Network analysis (co-localization and degree)
Relationships between damaging DNMs in MM versus control cohorts and the human genome network were calculated using STRING (v.11.5) for gene interactions. We calculated the connectedness from the STRING database of damaging DNMs from MM (n = 187) and control (n = 135) among 19,699 annotated genes, randomly resampled with a size of 80% of the gene set from control (n = 108), for 100,000 iterations. The number of edges per iteration was compared using a Wilcoxon rank-sum test (two-sided). The number of edges per node was compared between the cohorts (Wilcoxon rank-sum test, one-sided).
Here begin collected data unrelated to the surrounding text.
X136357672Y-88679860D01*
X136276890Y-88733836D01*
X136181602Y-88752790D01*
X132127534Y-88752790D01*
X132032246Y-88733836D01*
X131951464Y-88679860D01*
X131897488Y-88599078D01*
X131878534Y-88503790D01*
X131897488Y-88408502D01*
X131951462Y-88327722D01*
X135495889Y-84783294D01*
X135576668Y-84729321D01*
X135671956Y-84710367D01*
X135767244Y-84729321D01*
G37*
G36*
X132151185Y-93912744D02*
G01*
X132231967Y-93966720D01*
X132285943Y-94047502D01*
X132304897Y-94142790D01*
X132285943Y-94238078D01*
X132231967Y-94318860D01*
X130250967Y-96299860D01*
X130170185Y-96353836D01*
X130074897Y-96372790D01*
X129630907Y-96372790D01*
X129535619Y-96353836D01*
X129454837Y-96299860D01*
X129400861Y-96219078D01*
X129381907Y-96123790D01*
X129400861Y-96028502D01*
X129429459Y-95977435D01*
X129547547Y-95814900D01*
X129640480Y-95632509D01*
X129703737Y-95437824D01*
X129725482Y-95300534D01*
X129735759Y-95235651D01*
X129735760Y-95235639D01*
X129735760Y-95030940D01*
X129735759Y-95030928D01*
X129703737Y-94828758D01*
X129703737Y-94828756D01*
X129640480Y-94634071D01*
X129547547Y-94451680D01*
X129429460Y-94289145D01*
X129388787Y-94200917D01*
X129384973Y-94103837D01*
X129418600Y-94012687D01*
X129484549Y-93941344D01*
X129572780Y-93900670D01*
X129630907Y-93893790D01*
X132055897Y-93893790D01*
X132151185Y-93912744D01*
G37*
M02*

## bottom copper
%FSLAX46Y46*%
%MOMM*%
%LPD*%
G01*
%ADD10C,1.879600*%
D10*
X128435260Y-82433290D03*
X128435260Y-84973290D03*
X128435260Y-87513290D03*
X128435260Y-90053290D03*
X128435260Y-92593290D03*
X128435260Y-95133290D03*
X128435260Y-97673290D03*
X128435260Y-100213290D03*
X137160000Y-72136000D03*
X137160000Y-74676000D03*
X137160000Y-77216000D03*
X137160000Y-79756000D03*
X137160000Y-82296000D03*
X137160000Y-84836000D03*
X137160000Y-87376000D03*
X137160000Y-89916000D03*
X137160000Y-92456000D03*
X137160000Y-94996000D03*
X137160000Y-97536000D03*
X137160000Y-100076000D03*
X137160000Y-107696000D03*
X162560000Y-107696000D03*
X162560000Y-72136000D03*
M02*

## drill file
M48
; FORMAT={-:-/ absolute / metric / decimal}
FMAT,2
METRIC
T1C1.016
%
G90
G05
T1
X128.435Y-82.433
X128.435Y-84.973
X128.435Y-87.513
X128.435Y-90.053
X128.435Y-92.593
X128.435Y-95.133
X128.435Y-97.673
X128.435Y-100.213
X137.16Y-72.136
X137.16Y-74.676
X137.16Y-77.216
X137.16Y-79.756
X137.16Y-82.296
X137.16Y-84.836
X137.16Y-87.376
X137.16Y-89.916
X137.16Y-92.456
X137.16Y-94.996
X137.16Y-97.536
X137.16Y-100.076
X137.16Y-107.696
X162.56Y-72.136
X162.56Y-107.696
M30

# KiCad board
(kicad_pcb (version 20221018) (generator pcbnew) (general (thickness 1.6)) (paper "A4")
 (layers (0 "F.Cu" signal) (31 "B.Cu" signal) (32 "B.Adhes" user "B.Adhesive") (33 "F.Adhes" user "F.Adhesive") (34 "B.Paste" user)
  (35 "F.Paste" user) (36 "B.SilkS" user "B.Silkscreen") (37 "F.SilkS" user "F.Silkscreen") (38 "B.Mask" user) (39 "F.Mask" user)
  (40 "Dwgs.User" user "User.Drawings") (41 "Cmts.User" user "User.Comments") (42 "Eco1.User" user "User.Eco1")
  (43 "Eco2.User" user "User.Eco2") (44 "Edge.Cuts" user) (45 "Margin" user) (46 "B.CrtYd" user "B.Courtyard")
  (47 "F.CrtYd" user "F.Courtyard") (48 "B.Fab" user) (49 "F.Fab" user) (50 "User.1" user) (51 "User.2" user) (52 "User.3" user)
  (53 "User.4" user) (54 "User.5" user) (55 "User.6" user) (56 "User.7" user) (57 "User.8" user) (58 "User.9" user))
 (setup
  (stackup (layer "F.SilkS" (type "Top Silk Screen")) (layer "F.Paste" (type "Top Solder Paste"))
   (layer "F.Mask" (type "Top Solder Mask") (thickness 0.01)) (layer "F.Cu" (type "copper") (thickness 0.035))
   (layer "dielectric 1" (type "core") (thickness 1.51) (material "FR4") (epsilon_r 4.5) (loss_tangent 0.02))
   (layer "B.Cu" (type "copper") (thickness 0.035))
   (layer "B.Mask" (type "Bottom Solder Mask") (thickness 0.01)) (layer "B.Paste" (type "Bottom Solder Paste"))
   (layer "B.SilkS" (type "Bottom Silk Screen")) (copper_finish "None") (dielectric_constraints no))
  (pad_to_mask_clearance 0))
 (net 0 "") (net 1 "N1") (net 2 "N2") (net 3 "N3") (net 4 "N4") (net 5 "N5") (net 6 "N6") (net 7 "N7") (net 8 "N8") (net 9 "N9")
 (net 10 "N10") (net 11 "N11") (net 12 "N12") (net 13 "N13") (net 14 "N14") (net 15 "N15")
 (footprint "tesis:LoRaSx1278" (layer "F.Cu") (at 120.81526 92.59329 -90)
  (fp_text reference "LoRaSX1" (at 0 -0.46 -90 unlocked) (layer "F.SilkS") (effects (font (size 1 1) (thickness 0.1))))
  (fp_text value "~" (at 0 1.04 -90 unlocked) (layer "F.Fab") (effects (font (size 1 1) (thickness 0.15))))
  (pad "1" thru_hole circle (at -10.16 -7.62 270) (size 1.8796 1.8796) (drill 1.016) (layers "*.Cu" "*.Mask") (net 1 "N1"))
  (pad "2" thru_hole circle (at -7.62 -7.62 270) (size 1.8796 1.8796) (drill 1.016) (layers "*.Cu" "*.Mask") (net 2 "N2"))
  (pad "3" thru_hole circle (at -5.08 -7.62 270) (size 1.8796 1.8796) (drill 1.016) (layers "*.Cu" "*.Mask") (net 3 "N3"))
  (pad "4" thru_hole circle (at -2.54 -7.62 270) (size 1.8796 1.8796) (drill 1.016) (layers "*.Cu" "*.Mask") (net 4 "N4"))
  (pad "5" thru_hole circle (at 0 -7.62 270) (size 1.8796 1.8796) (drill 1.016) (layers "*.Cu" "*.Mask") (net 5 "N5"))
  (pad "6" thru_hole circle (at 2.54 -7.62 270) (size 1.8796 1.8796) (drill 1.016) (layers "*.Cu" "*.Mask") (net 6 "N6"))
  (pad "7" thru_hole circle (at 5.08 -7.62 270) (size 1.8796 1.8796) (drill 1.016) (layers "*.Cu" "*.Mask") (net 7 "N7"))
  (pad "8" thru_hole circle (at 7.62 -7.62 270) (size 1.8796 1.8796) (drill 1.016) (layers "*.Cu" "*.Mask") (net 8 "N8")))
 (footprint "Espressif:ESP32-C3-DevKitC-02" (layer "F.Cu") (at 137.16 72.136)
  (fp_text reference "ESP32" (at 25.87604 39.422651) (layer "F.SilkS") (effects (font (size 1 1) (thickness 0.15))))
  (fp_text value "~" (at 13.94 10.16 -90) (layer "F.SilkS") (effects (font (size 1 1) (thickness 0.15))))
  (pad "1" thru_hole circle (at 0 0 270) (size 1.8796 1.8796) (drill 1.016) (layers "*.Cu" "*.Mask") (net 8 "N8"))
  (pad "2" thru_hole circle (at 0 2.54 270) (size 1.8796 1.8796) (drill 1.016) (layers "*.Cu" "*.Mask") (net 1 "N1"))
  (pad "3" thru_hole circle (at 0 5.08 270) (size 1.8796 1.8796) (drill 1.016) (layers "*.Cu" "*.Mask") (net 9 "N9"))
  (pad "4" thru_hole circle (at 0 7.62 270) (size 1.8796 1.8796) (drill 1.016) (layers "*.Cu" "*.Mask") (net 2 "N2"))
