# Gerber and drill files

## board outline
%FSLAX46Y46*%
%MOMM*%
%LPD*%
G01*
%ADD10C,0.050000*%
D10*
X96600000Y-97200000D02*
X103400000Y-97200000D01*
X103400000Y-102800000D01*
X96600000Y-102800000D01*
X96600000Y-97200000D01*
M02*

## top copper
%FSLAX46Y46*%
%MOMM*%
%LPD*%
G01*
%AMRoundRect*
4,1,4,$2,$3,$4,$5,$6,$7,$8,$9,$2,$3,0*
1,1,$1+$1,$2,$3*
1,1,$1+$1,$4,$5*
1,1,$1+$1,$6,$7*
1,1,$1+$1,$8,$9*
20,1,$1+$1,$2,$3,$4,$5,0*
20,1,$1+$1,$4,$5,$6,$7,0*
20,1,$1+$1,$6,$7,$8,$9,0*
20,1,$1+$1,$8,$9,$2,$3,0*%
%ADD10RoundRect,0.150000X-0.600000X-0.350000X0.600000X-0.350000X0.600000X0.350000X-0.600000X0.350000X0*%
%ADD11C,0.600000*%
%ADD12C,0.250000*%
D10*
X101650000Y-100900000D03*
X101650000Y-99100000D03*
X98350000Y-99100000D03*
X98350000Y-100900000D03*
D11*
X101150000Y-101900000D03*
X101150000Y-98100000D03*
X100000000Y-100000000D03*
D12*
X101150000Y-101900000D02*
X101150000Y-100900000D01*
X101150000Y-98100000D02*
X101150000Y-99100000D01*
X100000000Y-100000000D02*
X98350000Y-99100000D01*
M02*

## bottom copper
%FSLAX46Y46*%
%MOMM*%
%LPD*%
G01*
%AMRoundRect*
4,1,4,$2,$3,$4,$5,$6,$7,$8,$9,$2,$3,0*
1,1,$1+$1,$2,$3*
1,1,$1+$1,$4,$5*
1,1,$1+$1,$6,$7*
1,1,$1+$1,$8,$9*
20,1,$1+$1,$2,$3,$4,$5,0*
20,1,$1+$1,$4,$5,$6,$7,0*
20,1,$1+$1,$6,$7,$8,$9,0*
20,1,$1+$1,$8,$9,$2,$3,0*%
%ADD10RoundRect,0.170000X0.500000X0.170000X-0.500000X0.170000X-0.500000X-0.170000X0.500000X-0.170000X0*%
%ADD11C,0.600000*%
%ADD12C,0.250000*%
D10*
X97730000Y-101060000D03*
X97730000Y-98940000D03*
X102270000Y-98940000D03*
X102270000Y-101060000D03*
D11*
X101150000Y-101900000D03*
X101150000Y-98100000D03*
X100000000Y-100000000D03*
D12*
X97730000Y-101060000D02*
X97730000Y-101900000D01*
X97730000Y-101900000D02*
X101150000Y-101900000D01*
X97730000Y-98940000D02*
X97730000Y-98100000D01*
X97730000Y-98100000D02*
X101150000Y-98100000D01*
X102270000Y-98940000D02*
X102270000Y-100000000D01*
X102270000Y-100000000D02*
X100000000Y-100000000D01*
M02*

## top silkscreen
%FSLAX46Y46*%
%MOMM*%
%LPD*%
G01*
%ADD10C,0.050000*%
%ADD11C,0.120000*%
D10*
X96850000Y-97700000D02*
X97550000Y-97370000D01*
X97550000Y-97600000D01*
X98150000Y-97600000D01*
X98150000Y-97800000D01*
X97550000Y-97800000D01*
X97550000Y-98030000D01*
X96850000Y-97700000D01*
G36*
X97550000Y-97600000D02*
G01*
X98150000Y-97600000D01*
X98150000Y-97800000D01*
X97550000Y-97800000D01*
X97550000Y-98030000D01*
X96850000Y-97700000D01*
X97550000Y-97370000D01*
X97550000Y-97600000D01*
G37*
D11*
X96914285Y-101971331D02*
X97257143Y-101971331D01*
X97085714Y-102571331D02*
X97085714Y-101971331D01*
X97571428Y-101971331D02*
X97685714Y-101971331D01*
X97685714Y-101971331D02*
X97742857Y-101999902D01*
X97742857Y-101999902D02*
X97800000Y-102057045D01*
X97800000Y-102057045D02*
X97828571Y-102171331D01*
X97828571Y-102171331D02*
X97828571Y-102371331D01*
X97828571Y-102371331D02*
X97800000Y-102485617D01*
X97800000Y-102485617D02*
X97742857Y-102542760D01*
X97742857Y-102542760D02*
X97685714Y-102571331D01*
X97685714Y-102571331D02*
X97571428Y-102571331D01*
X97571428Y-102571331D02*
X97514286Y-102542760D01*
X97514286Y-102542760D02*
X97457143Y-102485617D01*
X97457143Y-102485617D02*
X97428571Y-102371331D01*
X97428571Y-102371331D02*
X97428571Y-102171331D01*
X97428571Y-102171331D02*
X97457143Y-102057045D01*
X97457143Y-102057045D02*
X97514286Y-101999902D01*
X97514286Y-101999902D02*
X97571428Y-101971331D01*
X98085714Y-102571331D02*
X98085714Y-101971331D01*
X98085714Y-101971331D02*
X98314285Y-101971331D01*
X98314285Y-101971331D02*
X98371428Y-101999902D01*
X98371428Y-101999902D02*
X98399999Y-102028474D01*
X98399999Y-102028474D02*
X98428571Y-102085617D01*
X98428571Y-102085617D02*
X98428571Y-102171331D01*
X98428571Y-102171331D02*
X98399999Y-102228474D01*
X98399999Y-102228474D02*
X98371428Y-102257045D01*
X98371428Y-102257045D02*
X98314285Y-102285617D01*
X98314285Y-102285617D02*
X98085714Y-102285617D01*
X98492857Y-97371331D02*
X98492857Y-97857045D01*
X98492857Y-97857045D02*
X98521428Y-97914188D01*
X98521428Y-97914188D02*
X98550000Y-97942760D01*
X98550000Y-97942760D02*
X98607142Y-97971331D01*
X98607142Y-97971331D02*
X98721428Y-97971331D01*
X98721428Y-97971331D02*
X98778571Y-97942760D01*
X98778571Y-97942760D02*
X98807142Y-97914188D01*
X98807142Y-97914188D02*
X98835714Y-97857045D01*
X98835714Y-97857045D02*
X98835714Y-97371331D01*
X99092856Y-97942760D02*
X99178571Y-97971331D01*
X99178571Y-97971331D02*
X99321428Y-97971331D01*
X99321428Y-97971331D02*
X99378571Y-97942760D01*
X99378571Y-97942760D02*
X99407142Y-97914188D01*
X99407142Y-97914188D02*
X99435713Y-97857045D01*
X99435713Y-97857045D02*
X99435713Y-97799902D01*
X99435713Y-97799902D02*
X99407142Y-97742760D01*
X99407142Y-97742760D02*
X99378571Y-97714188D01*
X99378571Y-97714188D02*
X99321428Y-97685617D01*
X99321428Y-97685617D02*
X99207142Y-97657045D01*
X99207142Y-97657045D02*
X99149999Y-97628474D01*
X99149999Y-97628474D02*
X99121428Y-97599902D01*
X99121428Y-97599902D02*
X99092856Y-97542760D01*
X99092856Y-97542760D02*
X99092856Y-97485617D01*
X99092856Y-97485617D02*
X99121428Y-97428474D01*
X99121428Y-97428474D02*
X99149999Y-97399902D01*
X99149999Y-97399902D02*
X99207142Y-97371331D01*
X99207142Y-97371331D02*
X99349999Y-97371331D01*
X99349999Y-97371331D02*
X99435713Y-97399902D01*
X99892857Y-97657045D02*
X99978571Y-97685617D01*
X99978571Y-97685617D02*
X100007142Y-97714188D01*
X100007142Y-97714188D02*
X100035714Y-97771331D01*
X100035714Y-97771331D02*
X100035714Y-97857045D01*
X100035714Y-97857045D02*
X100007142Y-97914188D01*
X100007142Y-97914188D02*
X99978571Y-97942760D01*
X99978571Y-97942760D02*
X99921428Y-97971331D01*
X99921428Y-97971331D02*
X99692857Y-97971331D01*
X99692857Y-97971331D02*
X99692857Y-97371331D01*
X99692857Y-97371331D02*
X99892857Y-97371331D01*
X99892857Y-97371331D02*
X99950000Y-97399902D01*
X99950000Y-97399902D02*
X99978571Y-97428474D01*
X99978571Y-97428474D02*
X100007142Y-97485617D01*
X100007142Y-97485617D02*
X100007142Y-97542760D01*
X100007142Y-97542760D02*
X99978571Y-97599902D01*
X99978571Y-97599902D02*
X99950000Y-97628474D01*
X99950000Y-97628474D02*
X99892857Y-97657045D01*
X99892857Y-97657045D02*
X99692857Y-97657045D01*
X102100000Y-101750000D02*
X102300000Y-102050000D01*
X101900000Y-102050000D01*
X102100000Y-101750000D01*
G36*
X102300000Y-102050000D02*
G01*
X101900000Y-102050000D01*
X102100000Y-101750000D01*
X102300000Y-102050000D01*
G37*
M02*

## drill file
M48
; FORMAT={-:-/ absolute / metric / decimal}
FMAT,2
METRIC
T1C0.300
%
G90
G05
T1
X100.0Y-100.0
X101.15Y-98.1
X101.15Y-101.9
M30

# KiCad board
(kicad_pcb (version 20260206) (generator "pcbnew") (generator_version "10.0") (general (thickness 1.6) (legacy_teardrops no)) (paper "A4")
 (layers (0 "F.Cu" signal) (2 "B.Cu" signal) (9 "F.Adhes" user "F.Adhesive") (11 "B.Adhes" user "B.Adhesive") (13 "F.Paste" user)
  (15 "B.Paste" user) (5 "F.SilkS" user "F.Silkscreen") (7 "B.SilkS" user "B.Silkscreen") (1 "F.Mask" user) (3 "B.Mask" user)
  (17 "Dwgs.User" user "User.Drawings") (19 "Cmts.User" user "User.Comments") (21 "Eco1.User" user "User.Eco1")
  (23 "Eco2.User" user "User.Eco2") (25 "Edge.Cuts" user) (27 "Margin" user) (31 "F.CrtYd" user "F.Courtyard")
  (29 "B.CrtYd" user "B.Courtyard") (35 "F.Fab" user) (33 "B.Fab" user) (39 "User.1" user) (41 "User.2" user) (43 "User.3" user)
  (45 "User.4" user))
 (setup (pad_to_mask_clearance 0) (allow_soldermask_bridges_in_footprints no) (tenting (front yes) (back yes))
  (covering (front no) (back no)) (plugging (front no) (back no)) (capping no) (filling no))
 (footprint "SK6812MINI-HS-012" (layer "F.Cu") (at 100 100)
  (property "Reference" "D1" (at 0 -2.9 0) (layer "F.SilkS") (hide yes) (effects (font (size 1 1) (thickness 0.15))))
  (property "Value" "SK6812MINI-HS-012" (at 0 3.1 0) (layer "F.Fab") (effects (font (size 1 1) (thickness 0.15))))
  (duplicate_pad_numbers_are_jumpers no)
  (fp_poly (pts (xy 2.1 1.75) (xy 2.3 2.05) (xy 1.9 2.05)) (stroke (width 0.12) (type solid)) (fill yes) (layer "F.SilkS"))
  (pad "1" smd roundrect (at 1.65 0.9) (size 1.5 1) (layers "F.Cu" "F.Mask" "F.Paste") (roundrect_rratio 0.15) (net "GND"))
  (pad "2" smd roundrect (at 1.65 -0.9) (size 1.5 1) (layers "F.Cu" "F.Mask" "F.Paste") (roundrect_rratio 0.15) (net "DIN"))
  (pad "3" smd roundrect (at -1.65 -0.9) (size 1.5 1) (layers "F.Cu" "F.Mask" "F.Paste") (roundrect_rratio 0.15) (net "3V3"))
  (pad "4" smd roundrect (at -1.65 0.9) (size 1.5 1) (layers "F.Cu" "F.Mask" "F.Paste") (roundrect_rratio 0.15)))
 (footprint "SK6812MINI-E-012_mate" (layer "B.Cu") (at 100 100 180)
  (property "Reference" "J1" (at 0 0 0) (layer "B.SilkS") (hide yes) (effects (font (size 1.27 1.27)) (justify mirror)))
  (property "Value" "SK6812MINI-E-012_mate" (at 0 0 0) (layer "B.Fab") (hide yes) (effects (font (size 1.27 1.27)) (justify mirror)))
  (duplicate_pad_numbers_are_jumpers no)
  (pad "1" smd roundrect (at 2.27 -1.06 180) (size 1.34 0.68) (layers "B.Cu" "B.Mask" "B.Paste") (roundrect_rratio 0.25) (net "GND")
   (thermal_bridge_angle 45))
  (pad "2" smd roundrect (at 2.27 1.06 180) (size 1.34 0.68) (layers "B.Cu" "B.Mask" "B.Paste") (roundrect_rratio 0.25) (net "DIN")
   (thermal_bridge_angle 45))
  (pad "3" smd roundrect (at -2.27 1.06 180) (size 1.34 0.68) (layers "B.Cu" "B.Mask" "B.Paste") (roundrect_rratio 0.25) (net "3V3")
   (thermal_bridge_angle 45))
  (pad "4" smd roundrect (at -2.27 -1.06 180) (size 1.34 0.68) (layers "B.Cu" "B.Mask" "B.Paste") (roundrect_rratio 0.25)
   (thermal_bridge_angle 45)))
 (gr_poly
  (pts (xy 96.85 97.7) (xy 97.55 97.37) (xy 97.55 97.6) (xy 98.15 97.6) (xy 98.15 97.8) (xy 97.55 97.8) (xy 97.55 98.03))
  (stroke (width 0.05) (type default)) (fill yes) (layer "F.SilkS"))
 (gr_poly
  (pts (xy 96.6 97.2) (xy 103.4 97.2) (xy 103.4 102.8) (xy 96.6 102.8)) (stroke (width 0.05) (type default)) (fill no) (layer "Edge.Cuts"))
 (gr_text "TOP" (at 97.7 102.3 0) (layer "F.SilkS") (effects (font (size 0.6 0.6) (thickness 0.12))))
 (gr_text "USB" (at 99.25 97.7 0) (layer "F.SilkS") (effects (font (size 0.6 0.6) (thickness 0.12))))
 (segment (start 101.15 101.9) (end 101.15 100.9) (width 0.25) (layer "F.Cu") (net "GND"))
 (via (at 101.15 101.9) (size 0.6) (drill 0.3) (layers "F.Cu" "B.Cu") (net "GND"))
 (segment (start 97.73 101.06) (end 97.73 101.9) (width 0.25) (layer "B.Cu") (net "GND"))
 (segment (start 97.73 101.9) (end 101.15 101.9) (width 0.25) (layer "B.Cu") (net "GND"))
 (segment (start 101.15 98.1) (end 101.15 99.1) (width 0.25) (layer "F.Cu") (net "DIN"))
 (via (at 101.15 98.1) (size 0.6) (drill 0.3) (layers "F.Cu" "B.Cu") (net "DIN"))
 (segment (start 97.73 98.94) (end 97.73 98.1) (width 0.25) (layer "B.Cu") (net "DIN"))
 (segment (start 97.73 98.1) (end 101.15 98.1) (width 0.25) (layer "B.Cu") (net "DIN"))
 (segment (start 100 100) (end 98.35 99.1) (width 0.25) (layer "F.Cu") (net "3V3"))
 (via (at 100 100) (size 0.6) (drill 0.3) (layers "F.Cu" "B.Cu") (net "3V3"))
 (segment (start 102.27 98.94) (end 102.27 100) (width 0.25) (layer "B.Cu") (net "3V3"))
 (segment (start 102.27 100) (end 100 100) (width 0.25) (layer "B.Cu") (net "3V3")))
Pathway enrichment analysis
To estimate whether the MM or control DNM gene sets were functionally enriched in known biological pathways, the GO biological processes Reactome and KEGG pathway, we conducted a gene enrichment analysis using ClueGO (v.2.5.10) in Cytoscape (3.10.1), with parameters set as Evidence All_without_IEA (inferred from electronic annotation), GO tree interval ranging from 3 to 8, and at least 5 genes, 4% of genes for GO term selection and a kappa score of 0.4. We adjusted the P–value using Bonferroni step-down with a significance criterion of 0.05. Detailed information of the GO enrichment test can be found in Supplementary Table 2. No significant term was observed with the control gene sets.
Sanger confirmation
Of 198 damaging DNMs in the MM cohort for which trio DNA samples were available, 171 (86%) had sufficient DNA for Sanger sequencing confirmation. For a subset of damaging DNMs, primer sets were generated using Primer3 and obtained from IDT. The primer lengths were configured to span a range of 18–23 bp, targeting an ideal size of 20 bp. The GC content was set to a minimum of 30% and a maximum of 70%, and the annealing temperature was established to range between 57 °C and 62 °C, with an optimal temperature of 59 °C. PCR was performed using a QIAGEN Taq DNA polymerase kit and primer concentrations of 500 nM. Four reactions were done per DNM, amplifying DNA from the father, mother, affected child and an unrelated healthy individual. PCR products were confirmed by agarose gel electrophoresis, purified by incubation with exonuclease I/shrimp alkaline phosphatase (1:2), diluted in double-distilled water and underwent Sanger sequencing (Genewiz/Azenta). Trace files were analysed in SnapGene Viewer and compared against the UCSC genome browser to confirm that the affected child was heterozygous for the detected mutation and that the father, mother and control were homozygous for the reference base at the same locus. Because the same pipeline was applied to both cohorts, the validation rate of the DNMs from the control cohort, using SAFARI16, was expected to be similar to that of the MM cohort.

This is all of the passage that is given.